The founder members that are mentioned in the records among other are:
Nana Sita and Family
Nathalal G. Kala, Jivan Gordhan, Pranlal M. Joshi
Ramam Naran, Rama Jeram, Danjee Chiba
Ranchhod Bhoola, Bhima Vala, Valjee Madhavjee
Chiba Kara, Chhagan Bhana, Givnd Bhana
Pema Lala, Bhoola Naran, Ramlal Mooloo
Nana Sita, Pema Panchia, Narsai Pema
Gosai H. Misrty, Chaganbhai S. Jivan ,Jamnadas Ranchhod
Parbhoobhai Nana, Morarbhai S. Mistry, Jamnada R. Govind
Jivan Patel, Narsaibhai M. Patel, Parbhobhai Manga
INITIAL ACTIVITIES AND NOTES
The venue and headquarters of the Samaj remained the corner of Tenth and Mogul Streets – a property purchased by the Community. This building was also used as the Vernacular School. The Seva Samaj also owned the vacant plot on Ninth Street. The properties served as a source of income for the Community. These also served initially as residence for teachers from India.
Besides the normal discussions regarding progress and problems, farewell receptions for members visiting the Mother Country, arrival of celebrities from India, general correspondence and end-shanti-paath, formed the contents of the Samaj meetings. It is noteworthy that by 1945 the Samaj opened its meetings with Gayatri Mantra and terminated with Gita Vanchan and shanti-paath: a forward step in the blessed beginning. The meeting even resolved to terminate by 10:30 p.m.

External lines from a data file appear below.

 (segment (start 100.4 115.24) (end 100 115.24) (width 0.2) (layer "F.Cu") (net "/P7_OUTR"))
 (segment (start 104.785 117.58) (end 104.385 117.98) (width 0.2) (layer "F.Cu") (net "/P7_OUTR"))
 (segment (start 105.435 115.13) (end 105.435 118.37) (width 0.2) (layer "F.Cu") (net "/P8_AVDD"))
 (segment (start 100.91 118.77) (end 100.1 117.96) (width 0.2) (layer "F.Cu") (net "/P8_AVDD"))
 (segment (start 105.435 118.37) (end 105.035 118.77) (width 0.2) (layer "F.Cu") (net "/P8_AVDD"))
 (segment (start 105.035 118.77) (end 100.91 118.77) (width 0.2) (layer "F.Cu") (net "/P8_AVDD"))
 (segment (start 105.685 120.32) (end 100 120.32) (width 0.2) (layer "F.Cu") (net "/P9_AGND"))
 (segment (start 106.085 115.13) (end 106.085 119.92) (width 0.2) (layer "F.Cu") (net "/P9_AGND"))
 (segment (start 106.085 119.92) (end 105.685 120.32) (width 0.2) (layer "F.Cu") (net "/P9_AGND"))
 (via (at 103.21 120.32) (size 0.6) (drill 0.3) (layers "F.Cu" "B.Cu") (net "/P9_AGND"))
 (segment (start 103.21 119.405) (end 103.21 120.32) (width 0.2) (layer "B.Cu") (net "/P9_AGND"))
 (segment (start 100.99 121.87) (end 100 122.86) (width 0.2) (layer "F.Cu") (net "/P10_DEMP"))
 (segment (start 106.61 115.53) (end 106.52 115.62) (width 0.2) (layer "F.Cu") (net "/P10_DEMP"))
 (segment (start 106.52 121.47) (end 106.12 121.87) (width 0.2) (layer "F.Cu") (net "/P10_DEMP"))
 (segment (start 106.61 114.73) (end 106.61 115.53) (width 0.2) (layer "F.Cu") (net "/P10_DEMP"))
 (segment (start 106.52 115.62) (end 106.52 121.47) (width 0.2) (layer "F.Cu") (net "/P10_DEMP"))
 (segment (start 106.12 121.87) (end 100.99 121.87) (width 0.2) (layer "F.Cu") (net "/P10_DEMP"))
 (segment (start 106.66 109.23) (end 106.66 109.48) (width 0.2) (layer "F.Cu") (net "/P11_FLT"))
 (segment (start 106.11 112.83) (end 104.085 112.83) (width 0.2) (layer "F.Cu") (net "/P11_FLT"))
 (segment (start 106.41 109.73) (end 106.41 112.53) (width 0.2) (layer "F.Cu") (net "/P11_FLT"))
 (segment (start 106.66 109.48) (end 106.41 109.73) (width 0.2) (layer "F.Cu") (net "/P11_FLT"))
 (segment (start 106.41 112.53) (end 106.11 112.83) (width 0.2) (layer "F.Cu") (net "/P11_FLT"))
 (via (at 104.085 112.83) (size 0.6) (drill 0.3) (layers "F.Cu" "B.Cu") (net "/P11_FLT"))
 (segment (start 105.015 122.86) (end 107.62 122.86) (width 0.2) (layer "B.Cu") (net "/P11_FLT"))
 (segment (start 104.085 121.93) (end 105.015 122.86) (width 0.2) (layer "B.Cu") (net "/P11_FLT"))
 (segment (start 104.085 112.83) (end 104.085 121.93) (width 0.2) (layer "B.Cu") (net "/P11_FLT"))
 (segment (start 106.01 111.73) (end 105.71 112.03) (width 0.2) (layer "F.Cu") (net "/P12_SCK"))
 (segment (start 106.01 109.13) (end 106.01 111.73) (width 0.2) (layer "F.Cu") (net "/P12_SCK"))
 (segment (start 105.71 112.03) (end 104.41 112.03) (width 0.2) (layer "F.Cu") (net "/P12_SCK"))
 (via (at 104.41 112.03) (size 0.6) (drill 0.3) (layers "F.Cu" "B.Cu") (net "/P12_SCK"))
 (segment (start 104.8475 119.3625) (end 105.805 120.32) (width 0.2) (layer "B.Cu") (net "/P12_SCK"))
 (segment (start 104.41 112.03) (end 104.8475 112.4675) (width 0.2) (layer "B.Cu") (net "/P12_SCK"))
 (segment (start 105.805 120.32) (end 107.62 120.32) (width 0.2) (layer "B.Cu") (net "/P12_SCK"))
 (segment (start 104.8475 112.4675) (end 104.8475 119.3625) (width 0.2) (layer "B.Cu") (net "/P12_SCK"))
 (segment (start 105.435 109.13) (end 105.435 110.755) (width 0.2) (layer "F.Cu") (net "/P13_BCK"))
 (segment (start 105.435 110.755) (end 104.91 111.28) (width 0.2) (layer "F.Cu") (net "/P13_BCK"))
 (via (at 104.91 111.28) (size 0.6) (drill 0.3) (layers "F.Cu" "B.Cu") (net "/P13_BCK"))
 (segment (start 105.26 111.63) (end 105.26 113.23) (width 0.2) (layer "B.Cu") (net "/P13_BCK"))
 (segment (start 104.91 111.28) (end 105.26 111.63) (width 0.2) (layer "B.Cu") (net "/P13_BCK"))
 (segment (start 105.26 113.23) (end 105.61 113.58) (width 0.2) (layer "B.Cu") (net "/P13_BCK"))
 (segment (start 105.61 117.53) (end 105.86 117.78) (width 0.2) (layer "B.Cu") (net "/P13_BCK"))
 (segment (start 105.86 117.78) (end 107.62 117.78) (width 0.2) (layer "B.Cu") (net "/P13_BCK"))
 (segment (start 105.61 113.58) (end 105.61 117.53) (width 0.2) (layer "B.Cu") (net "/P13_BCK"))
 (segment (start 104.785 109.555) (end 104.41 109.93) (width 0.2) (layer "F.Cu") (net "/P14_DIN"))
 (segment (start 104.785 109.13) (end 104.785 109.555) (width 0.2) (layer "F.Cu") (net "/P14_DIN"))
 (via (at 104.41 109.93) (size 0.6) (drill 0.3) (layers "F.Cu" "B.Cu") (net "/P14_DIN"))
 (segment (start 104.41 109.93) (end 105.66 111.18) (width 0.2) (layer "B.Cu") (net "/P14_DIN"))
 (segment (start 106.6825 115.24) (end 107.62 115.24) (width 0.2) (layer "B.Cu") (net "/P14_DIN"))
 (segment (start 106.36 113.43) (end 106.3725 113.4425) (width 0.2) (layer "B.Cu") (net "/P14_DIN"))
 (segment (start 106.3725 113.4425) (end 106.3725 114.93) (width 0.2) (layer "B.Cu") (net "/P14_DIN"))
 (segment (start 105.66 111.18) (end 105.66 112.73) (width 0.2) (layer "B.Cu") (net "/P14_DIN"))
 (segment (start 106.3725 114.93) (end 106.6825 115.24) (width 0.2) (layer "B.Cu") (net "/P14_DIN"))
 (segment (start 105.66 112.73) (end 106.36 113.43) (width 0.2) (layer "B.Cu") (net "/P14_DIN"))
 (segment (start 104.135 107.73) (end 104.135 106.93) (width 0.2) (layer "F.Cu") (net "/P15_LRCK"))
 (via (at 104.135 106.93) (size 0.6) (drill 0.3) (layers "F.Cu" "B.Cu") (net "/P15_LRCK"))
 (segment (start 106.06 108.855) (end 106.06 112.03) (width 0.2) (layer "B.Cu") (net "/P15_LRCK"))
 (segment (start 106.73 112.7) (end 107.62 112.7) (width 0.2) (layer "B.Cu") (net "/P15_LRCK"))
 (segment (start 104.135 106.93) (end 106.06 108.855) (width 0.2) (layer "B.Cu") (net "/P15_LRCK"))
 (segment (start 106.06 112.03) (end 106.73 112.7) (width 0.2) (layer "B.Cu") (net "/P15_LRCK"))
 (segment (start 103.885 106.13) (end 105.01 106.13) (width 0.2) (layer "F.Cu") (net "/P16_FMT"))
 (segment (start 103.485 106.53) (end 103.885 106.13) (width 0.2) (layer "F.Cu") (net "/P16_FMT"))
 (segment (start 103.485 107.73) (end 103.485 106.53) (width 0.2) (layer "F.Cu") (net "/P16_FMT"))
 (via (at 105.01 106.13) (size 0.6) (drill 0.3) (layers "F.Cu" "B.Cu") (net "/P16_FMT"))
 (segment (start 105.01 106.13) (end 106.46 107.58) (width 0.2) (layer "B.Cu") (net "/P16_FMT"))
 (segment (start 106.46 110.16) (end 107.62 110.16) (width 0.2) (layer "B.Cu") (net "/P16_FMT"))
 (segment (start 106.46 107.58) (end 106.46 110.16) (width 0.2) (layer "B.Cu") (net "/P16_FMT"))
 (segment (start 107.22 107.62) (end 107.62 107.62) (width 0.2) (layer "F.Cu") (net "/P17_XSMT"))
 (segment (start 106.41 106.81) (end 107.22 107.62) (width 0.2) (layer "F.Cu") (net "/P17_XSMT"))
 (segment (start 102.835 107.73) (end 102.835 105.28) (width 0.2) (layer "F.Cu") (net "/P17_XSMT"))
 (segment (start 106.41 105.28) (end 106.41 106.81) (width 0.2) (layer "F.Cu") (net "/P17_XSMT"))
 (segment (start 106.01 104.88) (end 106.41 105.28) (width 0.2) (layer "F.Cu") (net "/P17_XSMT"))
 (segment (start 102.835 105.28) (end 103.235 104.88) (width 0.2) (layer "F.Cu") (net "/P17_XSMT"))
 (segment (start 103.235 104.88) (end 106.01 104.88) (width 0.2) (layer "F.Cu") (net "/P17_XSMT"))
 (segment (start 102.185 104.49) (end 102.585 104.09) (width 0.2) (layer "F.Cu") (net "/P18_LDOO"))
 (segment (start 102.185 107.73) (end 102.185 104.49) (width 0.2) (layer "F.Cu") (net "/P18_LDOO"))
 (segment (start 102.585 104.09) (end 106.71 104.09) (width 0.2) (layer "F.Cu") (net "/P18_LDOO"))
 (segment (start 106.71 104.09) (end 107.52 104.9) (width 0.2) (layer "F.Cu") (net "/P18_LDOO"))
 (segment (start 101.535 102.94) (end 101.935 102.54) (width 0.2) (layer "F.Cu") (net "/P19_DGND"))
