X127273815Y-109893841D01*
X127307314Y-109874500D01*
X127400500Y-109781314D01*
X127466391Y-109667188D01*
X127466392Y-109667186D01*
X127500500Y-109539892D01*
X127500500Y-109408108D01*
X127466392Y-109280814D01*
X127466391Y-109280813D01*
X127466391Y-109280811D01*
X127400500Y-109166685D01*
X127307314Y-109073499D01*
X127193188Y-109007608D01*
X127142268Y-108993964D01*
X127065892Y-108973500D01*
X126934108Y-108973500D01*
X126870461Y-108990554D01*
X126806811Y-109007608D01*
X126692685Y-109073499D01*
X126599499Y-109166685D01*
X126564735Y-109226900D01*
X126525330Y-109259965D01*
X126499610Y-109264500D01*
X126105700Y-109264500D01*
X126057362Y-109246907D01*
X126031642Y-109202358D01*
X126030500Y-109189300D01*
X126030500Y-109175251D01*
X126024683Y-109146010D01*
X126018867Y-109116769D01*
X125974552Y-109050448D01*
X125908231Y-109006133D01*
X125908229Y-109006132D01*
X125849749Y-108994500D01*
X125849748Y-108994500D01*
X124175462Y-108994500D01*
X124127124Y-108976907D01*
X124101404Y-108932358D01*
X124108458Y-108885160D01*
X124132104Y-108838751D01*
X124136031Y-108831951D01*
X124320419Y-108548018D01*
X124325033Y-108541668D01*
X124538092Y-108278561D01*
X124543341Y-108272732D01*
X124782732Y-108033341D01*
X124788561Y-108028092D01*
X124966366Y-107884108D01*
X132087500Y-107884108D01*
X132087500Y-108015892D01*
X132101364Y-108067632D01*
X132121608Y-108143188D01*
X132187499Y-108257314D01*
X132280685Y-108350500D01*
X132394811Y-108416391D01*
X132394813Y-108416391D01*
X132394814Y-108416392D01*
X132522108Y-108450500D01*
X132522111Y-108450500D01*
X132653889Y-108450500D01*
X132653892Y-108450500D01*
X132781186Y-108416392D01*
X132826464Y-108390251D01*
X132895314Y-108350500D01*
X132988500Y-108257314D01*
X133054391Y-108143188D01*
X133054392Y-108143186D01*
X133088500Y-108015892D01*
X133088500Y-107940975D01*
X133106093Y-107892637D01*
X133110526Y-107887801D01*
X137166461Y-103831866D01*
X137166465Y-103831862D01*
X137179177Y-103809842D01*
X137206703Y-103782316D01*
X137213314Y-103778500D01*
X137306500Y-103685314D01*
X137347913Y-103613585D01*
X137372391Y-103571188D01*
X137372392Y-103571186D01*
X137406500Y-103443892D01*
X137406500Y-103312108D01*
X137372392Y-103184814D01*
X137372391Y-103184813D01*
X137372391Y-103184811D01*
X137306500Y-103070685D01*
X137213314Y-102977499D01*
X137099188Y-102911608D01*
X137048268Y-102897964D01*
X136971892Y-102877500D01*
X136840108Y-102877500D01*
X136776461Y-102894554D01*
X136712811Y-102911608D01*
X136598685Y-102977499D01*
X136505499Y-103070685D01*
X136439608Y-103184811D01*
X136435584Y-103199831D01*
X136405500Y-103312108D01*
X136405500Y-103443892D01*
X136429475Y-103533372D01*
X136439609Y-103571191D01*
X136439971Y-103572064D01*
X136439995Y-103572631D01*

Noteworthy are the following from the Samaj minutes:
Regular consultations with various Hindu bodies related to Diwali and New Year Festivals: also with the Bharat Samaj of Lourenzo Marques (Maputo).
Contributions for 1942 quit India struggle.
For Bengal Relief fund in 1943.
Relief to victims of a tornado in Mauritius in 1945.
Visit of Dr Mirzah (1944), a Parsee at the Orient Hall who lectured on East-West culture sponsored by both the Samaj and the Muslim Council.
Pundit Ravishankar Vidyalankaar (1945) – from Lourenco Marques.
Pundit Rishiram (1945) for religious lectures.
Kumar Palana (1946) for gymnastic demonstrations: balancing act on highest building in Pretoria.
Swami Gajananda (1947) for religious discourse and stories.
Pundi Kunjroo (1947), (1950) for political and cultural lectors.
More recently the following personalities visited Pretoria for religious, political and cultural discourses:
Shakuntala-devi (1968-69) – mathematics genius; Krishnanand Saraswati (1974) from Mauritius; Swami Narayan sect (1974), (1977); Pundit Shiv Ram Maharaj (1975); Abram Bhagat (1975); Acharya Vaidyanath Shastri & Acharya Krishnaji (1975); Narhari Bhagat (1975); Yogiraj Jayantkumar Yagnik (1976) (1977); Pradyumna Shatri (1976); Swami Chiananda: ceremony for foundation of Hall; Ram Bhagat (1978); Mahant Ram Swarup Dasji (1978); Swami Premanand – attached to Avoca, Natal. Ooma Bharti (1979); Swami Deekshanandji (1979) who conducted Sanskrit classes for over two months.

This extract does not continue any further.